◆ Problem to solve
Every line of the entries below that includes "paper" belongs in the answer, copied as written.

Data items:
※ ※ ※
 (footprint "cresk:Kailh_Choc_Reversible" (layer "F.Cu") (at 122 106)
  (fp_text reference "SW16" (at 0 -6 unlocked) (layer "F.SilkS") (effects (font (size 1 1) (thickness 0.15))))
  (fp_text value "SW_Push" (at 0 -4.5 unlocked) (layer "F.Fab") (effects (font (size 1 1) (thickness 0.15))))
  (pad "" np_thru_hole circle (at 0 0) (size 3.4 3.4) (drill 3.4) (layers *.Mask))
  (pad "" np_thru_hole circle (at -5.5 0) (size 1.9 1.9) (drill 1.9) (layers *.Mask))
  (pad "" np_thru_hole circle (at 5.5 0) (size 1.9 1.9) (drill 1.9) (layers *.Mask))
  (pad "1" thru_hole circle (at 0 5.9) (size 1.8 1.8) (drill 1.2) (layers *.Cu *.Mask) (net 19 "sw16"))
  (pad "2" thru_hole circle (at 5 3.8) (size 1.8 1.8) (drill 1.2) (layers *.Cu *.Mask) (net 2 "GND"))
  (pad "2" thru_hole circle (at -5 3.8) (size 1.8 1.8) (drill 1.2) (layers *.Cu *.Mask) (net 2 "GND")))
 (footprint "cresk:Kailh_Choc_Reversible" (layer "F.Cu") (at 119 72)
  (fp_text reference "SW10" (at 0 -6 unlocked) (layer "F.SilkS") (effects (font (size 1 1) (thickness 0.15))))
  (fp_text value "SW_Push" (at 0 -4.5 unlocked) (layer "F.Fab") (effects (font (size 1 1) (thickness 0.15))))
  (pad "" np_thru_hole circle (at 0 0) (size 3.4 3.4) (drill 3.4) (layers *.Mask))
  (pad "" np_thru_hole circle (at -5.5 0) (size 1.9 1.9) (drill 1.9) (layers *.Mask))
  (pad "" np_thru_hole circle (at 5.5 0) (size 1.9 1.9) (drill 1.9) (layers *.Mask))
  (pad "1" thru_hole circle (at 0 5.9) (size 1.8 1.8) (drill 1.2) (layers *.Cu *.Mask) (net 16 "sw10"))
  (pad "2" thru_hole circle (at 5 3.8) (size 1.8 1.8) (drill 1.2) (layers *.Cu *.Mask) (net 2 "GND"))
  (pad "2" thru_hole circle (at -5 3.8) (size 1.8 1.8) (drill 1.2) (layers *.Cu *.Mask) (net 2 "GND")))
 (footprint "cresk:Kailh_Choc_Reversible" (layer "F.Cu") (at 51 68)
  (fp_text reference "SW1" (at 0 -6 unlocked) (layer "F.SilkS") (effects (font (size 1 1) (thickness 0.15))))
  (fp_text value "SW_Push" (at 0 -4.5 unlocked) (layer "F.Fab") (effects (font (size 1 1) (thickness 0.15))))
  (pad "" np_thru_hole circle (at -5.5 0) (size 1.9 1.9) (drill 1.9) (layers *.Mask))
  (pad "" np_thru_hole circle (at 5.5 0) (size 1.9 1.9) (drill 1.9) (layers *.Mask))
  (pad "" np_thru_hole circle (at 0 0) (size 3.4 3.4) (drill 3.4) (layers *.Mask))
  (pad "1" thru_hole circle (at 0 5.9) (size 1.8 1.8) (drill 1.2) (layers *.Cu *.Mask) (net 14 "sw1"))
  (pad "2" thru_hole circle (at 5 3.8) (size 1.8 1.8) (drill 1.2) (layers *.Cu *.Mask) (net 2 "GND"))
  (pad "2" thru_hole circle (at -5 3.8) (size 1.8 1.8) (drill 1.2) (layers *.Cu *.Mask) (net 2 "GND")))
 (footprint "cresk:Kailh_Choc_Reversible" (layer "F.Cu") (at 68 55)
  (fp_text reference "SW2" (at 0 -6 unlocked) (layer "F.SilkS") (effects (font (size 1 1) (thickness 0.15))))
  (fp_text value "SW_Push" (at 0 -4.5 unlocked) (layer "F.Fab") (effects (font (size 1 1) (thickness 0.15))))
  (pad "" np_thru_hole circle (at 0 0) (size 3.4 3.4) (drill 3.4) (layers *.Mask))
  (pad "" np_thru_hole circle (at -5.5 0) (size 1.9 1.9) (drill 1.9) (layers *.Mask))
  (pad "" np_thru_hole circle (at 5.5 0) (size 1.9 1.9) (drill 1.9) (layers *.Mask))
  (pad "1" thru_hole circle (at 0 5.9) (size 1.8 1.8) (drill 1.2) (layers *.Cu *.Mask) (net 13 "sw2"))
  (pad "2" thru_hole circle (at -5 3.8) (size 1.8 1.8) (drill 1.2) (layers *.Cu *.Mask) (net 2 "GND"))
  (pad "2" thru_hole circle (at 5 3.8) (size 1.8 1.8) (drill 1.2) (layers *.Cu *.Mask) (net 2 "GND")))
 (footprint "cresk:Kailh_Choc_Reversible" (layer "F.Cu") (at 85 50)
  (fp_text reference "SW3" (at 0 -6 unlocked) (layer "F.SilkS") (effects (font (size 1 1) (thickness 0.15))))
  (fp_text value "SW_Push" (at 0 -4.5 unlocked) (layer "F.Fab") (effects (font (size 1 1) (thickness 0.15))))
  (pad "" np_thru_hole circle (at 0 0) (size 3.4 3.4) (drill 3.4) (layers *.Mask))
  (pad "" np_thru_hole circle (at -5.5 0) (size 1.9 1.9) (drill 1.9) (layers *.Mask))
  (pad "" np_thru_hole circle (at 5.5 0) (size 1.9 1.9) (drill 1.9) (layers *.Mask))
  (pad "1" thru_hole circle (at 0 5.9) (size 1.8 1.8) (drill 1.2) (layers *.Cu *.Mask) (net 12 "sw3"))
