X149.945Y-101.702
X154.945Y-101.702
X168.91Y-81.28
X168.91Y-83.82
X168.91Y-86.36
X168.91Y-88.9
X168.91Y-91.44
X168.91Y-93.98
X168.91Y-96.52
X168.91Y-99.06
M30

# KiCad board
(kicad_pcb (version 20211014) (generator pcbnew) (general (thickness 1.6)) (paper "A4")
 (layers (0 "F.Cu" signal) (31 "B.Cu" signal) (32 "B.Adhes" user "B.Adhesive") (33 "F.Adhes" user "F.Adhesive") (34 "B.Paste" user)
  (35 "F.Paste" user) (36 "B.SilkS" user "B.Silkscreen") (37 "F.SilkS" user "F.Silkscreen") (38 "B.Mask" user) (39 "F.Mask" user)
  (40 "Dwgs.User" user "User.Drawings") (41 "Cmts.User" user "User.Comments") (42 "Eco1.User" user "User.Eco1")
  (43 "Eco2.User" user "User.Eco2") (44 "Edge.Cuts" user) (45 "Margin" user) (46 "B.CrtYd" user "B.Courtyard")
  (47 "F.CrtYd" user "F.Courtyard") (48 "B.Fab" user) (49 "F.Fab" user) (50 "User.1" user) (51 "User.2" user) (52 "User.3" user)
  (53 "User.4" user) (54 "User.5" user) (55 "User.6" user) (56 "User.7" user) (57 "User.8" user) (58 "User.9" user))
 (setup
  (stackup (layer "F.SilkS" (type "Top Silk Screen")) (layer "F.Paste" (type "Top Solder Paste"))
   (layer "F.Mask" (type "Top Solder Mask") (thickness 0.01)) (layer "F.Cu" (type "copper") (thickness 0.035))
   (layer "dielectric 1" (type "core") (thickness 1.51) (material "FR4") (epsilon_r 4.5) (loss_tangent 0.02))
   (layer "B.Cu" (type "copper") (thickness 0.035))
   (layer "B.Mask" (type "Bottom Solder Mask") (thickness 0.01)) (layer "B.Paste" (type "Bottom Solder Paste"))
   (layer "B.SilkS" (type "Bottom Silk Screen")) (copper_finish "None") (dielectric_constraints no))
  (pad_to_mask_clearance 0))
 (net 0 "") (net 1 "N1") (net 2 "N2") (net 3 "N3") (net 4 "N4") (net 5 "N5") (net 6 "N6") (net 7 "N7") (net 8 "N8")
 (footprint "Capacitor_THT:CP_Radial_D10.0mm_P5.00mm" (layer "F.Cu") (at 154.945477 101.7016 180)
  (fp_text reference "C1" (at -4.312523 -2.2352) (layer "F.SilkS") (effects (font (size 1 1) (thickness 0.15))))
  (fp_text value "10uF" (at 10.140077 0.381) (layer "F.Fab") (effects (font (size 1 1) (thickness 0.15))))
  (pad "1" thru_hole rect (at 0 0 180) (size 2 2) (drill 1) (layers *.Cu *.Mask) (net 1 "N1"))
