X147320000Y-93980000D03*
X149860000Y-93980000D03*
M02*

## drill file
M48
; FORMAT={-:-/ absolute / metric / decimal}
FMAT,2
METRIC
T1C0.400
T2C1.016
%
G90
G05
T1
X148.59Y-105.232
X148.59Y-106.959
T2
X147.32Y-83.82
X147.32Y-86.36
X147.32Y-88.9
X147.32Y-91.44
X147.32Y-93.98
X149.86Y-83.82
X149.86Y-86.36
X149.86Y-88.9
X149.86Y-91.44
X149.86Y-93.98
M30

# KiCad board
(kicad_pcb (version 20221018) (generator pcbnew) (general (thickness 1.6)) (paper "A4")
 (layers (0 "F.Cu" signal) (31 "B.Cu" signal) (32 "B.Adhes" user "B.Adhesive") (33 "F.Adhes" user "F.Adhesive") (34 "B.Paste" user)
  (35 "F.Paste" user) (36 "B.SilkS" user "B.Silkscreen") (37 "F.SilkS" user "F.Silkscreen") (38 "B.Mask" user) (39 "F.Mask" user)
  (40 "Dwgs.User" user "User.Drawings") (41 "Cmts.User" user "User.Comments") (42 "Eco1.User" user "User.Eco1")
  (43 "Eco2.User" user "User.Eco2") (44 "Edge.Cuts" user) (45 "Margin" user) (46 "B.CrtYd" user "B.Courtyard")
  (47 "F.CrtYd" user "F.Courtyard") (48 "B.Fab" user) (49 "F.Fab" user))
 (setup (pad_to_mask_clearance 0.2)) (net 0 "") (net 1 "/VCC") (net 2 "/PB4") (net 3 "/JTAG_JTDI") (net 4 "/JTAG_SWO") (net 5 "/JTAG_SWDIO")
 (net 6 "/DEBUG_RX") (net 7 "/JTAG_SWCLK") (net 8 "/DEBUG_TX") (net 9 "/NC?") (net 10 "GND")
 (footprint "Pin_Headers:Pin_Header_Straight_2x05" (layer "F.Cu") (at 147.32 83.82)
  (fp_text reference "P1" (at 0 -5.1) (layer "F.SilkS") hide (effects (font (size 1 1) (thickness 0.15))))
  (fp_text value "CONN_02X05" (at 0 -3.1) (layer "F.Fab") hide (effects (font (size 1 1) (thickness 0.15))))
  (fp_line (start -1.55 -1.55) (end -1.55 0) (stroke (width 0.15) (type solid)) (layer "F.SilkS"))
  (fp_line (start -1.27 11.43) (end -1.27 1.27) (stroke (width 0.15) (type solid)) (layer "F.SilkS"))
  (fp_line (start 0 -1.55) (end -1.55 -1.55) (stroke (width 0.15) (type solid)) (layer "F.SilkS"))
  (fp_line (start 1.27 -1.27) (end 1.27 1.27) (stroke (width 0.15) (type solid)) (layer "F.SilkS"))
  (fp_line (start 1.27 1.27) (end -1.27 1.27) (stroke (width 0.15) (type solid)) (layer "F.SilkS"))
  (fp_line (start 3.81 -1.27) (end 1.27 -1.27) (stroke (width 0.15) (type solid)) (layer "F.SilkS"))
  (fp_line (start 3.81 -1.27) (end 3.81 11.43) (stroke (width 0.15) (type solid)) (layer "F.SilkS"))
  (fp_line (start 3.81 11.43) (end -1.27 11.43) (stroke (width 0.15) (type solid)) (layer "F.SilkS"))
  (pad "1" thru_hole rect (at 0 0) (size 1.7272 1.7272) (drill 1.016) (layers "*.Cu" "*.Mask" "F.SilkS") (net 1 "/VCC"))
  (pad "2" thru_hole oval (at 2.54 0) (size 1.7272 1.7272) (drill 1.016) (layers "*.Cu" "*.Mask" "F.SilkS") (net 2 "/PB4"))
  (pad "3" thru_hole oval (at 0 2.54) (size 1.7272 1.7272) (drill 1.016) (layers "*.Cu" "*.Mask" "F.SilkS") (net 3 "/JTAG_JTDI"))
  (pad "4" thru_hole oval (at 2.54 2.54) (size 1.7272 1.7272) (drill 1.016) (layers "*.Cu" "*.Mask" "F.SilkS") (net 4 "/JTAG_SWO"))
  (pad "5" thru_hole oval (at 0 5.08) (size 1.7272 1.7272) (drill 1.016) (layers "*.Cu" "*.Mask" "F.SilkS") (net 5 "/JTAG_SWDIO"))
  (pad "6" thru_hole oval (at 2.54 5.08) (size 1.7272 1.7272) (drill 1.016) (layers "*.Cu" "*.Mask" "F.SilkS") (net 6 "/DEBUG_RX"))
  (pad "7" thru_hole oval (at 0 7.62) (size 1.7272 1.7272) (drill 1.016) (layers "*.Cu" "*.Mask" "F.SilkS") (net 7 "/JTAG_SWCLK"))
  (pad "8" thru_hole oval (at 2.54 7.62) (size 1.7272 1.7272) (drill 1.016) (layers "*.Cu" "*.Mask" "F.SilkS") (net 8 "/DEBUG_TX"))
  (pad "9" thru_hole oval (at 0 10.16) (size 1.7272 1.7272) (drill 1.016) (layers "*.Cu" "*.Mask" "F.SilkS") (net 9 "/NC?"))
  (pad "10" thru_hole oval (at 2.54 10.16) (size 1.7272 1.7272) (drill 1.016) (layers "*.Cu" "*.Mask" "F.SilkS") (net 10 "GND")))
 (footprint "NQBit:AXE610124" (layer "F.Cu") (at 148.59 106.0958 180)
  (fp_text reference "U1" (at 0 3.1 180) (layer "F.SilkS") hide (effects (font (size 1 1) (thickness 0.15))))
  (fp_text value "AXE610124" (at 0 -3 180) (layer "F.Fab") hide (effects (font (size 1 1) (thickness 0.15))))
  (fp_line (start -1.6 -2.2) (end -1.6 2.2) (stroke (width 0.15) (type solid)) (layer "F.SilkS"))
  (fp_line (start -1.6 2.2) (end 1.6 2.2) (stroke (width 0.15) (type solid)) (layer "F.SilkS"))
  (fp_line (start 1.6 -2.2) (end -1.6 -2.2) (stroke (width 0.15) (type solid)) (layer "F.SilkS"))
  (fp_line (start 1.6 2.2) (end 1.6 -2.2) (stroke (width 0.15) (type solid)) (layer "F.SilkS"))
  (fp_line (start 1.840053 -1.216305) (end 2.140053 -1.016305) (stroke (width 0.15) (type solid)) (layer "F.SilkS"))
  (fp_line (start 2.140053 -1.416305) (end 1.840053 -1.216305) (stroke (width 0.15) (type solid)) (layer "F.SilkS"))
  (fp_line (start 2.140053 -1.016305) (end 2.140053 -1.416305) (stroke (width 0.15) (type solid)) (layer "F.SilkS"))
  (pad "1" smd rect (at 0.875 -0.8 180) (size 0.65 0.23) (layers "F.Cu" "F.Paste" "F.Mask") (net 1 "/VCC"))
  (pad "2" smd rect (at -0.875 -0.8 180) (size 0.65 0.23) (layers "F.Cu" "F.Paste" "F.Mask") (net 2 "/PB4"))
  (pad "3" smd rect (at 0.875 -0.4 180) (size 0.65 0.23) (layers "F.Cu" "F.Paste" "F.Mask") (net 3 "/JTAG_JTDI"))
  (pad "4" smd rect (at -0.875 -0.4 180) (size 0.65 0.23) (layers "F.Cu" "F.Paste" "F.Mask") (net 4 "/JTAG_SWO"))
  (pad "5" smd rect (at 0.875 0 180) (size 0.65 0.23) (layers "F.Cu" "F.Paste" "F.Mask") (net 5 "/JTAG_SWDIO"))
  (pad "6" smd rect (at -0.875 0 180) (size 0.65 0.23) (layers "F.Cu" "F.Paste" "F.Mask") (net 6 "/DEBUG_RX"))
※ ※ ※
◆ Answer to the exercise
(kicad_pcb (version 20211014) (generator pcbnew) (general (thickness 1.6)) (paper "A4")
(kicad_pcb (version 20221018) (generator pcbnew) (general (thickness 1.6)) (paper "A4")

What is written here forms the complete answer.